■ Task goal: Keep only the lines that hold the string "Courtyard", filtering out the rest of the entries below.

■ Records provided:
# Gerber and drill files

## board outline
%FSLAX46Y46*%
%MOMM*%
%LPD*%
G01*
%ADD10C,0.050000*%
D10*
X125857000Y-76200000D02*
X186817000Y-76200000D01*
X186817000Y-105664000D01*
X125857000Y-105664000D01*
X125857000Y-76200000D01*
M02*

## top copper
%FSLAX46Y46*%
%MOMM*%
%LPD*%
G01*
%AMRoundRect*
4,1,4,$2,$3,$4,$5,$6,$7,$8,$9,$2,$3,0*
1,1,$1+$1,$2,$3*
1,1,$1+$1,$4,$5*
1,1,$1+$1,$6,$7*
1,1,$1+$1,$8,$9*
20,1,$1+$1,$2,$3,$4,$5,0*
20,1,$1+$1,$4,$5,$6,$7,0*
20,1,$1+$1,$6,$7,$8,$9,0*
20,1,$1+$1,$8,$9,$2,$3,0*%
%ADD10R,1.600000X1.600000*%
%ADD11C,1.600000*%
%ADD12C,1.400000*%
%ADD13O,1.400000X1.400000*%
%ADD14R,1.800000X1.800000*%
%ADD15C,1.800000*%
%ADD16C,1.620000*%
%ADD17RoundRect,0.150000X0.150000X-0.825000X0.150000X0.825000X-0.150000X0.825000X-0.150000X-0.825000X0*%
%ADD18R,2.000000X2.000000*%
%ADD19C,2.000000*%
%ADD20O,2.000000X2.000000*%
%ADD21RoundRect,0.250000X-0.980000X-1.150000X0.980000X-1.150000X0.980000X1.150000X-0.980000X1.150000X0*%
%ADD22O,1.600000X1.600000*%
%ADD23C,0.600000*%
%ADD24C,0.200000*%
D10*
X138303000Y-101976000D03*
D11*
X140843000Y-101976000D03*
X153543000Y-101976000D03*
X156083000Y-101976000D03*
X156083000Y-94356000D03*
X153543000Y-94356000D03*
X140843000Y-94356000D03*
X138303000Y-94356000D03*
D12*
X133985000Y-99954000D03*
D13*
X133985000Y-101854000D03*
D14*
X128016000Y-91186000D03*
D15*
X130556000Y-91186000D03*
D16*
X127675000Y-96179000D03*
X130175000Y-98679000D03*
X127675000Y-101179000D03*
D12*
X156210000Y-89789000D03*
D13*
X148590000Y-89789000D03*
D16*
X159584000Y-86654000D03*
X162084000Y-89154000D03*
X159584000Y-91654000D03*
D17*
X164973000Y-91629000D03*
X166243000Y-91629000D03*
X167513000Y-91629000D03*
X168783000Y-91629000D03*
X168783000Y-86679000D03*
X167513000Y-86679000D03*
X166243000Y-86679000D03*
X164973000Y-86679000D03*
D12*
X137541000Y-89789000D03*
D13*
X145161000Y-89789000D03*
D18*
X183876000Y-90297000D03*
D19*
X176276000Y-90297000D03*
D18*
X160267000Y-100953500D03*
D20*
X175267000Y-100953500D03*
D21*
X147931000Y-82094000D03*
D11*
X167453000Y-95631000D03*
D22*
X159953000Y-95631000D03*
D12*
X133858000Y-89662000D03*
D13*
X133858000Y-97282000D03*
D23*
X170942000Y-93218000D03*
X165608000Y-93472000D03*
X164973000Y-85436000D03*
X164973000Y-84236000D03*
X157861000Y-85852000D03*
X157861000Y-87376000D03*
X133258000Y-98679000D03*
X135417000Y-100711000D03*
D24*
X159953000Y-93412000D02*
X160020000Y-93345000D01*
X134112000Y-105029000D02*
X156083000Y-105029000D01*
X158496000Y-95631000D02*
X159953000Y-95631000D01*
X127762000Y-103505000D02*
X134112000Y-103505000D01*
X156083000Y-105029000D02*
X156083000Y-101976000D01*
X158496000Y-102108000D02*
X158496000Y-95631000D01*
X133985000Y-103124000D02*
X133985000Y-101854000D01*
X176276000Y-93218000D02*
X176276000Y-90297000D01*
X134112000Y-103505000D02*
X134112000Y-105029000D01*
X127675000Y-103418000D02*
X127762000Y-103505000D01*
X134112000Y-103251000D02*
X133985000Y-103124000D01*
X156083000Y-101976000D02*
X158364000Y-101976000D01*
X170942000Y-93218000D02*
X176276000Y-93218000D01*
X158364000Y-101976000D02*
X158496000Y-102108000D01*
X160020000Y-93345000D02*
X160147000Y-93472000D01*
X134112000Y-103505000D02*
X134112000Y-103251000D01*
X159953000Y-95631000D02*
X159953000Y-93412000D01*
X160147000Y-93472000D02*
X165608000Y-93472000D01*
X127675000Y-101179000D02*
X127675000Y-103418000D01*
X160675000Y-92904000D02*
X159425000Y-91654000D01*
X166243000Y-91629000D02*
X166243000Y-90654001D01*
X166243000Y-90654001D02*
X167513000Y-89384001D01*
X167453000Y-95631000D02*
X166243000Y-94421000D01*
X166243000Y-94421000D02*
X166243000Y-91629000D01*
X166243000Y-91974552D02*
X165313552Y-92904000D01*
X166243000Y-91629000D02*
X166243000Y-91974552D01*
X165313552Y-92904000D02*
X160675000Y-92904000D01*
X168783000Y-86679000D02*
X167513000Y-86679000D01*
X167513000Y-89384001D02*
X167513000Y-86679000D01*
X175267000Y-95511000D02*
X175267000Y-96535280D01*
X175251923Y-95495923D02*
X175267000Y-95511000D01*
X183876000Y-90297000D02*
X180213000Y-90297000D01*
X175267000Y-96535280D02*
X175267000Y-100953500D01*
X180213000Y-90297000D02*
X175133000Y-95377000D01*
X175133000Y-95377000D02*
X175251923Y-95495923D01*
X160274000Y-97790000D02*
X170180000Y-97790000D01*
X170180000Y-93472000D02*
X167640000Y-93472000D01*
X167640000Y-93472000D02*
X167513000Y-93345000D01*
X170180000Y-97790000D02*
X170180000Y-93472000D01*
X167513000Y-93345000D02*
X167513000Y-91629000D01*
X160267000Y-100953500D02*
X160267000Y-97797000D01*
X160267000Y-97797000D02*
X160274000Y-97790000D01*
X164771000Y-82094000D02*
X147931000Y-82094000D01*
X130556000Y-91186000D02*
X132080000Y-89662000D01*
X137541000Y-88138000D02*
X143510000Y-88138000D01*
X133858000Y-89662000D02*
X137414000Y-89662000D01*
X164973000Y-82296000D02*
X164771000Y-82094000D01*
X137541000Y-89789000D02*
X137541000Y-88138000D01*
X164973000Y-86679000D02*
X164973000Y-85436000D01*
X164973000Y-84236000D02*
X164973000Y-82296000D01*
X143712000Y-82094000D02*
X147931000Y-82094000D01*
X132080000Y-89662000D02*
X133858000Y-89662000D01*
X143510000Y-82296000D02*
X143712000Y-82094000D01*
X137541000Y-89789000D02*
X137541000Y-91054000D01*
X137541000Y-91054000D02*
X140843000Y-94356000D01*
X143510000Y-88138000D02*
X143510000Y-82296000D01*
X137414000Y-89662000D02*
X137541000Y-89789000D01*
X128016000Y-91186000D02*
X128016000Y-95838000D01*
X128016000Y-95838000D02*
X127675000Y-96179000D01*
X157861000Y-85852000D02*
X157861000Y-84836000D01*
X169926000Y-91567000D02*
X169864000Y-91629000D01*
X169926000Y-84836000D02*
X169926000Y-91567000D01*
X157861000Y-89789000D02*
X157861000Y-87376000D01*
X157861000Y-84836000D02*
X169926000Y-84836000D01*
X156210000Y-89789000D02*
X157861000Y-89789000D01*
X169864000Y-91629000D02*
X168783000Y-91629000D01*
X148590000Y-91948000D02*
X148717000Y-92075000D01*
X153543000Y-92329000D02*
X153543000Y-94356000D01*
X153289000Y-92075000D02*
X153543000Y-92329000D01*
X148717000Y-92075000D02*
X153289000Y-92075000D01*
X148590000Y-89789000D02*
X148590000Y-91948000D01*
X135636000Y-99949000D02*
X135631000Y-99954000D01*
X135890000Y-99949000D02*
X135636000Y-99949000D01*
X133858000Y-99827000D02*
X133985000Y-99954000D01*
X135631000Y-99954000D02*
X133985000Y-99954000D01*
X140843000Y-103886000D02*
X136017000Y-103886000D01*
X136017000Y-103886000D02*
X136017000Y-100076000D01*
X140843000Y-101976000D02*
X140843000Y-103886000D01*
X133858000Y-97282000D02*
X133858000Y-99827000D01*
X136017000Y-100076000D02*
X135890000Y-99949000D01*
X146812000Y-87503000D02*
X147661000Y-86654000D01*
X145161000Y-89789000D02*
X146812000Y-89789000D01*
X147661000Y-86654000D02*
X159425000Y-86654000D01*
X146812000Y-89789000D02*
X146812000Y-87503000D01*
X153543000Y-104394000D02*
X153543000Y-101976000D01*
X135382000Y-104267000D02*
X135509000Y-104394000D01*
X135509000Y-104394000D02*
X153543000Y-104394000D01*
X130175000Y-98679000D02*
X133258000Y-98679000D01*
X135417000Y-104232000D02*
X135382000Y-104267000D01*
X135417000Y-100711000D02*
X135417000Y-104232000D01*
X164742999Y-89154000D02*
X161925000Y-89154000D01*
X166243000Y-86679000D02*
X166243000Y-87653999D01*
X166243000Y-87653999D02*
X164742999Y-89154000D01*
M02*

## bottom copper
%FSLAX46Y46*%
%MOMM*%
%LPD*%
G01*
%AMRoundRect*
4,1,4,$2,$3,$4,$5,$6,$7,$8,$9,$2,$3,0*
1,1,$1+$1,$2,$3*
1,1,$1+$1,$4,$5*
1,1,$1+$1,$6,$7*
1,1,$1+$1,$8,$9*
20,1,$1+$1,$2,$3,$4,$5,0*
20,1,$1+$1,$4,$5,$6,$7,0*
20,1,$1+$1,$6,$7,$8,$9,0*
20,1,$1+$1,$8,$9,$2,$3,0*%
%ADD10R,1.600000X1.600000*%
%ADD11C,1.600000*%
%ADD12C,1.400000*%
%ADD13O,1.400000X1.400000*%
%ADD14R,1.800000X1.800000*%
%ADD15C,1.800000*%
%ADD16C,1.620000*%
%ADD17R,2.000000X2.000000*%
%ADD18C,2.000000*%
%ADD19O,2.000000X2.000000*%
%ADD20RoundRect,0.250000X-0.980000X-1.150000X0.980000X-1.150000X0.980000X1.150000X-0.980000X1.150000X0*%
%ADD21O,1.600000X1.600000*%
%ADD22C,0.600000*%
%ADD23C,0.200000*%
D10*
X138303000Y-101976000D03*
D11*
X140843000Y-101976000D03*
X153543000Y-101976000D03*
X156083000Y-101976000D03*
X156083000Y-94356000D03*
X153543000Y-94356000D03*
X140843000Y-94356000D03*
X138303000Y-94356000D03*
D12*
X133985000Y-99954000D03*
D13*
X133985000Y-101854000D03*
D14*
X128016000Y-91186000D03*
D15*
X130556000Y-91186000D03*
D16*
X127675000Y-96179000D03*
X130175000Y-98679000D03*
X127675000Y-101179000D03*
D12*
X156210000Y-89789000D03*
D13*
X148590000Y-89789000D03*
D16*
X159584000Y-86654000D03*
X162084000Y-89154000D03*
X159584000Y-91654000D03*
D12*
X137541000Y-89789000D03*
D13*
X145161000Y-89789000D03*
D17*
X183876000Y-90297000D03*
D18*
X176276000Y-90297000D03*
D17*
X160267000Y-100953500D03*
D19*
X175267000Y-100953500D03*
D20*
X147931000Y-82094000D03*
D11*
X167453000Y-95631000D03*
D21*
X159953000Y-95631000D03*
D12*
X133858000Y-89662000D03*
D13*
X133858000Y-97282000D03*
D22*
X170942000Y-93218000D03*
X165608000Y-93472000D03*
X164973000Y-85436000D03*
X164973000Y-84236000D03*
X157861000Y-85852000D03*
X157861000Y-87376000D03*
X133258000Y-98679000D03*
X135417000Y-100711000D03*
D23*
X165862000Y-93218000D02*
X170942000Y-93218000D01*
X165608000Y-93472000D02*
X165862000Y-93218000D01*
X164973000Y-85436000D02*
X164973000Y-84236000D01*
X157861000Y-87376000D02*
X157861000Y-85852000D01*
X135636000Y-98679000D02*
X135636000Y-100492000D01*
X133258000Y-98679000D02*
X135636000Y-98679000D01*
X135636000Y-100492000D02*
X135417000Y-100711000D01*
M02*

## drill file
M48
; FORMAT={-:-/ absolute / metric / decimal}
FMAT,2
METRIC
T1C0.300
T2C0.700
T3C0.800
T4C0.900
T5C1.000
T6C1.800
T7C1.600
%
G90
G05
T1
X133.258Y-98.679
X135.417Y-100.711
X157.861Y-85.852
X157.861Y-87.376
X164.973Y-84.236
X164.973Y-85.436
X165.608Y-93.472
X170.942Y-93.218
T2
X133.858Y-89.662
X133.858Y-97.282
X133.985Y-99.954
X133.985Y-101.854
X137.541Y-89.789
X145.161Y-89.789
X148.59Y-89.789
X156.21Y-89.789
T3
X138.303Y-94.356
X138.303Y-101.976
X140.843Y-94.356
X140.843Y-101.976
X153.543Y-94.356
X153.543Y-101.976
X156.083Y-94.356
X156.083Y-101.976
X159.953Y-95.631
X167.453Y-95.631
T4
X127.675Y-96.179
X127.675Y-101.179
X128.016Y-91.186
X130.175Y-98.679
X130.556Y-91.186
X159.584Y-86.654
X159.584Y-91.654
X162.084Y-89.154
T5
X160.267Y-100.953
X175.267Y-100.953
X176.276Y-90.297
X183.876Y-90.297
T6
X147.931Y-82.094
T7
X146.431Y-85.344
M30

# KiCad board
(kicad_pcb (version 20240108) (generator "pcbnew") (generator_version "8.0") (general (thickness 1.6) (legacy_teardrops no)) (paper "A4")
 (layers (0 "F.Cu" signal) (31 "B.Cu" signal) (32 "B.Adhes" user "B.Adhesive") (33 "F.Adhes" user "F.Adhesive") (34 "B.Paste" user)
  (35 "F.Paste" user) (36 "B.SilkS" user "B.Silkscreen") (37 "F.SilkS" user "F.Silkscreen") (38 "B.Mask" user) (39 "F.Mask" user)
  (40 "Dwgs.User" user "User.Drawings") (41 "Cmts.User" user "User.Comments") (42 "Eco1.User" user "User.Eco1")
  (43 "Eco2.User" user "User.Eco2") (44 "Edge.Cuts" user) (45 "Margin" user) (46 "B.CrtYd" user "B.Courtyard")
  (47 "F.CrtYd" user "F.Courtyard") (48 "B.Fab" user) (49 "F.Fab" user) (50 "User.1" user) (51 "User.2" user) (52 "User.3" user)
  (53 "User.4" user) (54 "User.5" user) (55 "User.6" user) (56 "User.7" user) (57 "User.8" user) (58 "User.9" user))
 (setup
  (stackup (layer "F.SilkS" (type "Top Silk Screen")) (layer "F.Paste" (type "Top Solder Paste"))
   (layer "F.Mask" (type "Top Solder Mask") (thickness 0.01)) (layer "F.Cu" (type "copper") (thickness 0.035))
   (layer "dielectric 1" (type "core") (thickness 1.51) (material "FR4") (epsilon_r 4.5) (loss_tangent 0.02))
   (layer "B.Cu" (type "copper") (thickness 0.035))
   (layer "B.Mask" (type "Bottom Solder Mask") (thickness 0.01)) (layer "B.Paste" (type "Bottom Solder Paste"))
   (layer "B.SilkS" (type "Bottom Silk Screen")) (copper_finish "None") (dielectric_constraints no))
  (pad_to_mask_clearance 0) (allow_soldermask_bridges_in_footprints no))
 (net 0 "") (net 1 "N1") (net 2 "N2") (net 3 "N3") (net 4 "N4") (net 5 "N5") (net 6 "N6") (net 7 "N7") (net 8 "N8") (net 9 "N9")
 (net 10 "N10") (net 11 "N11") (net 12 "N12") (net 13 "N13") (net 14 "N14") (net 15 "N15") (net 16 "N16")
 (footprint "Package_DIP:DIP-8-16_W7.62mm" (layer "F.Cu") (at 138.303 101.976 90)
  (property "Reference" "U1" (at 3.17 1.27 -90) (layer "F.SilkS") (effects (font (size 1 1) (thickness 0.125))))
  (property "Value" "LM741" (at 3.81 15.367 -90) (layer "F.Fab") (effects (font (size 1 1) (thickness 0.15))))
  (pad "1" thru_hole rect (at 0 0 90) (size 1.6 1.6) (drill 0.8) (layers "*.Cu" "*.Mask") (remove_unused_layers no) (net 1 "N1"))
  (pad "2" thru_hole circle (at 0 2.54 90) (size 1.6 1.6) (drill 0.8) (layers "*.Cu" "*.Mask") (remove_unused_layers no) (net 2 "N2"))
  (pad "3" thru_hole circle (at 0 15.24 90) (size 1.6 1.6) (drill 0.8) (layers "*.Cu" "*.Mask") (remove_unused_layers no) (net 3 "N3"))
  (pad "4" thru_hole circle (at 0 17.78 90) (size 1.6 1.6) (drill 0.8) (layers "*.Cu" "*.Mask") (remove_unused_layers no) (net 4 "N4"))
  (pad "5" thru_hole circle (at 7.62 17.78 90) (size 1.6 1.6) (drill 0.8) (layers "*.Cu" "*.Mask") (remove_unused_layers no) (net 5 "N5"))
  (pad "6" thru_hole circle (at 7.62 15.24 90) (size 1.6 1.6) (drill 0.8) (layers "*.Cu" "*.Mask") (remove_unused_layers no) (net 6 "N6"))
  (pad "7" thru_hole circle (at 7.62 2.54 90) (size 1.6 1.6) (drill 0.8) (layers "*.Cu" "*.Mask") (remove_unused_layers no) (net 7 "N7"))
  (pad "8" thru_hole circle (at 7.62 0 90) (size 1.6 1.6) (drill 0.8) (layers "*.Cu" "*.Mask") (remove_unused_layers no) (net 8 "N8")))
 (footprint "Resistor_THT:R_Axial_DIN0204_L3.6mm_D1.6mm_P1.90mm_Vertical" (layer "F.Cu") (at 133.985 99.954 -90)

■ Task solution:
  (43 "Eco2.User" user "User.Eco2") (44 "Edge.Cuts" user) (45 "Margin" user) (46 "B.CrtYd" user "B.Courtyard")
  (47 "F.CrtYd" user "F.Courtyard") (48 "B.Fab" user) (49 "F.Fab" user) (50 "User.1" user) (51 "User.2" user) (52 "User.3" user)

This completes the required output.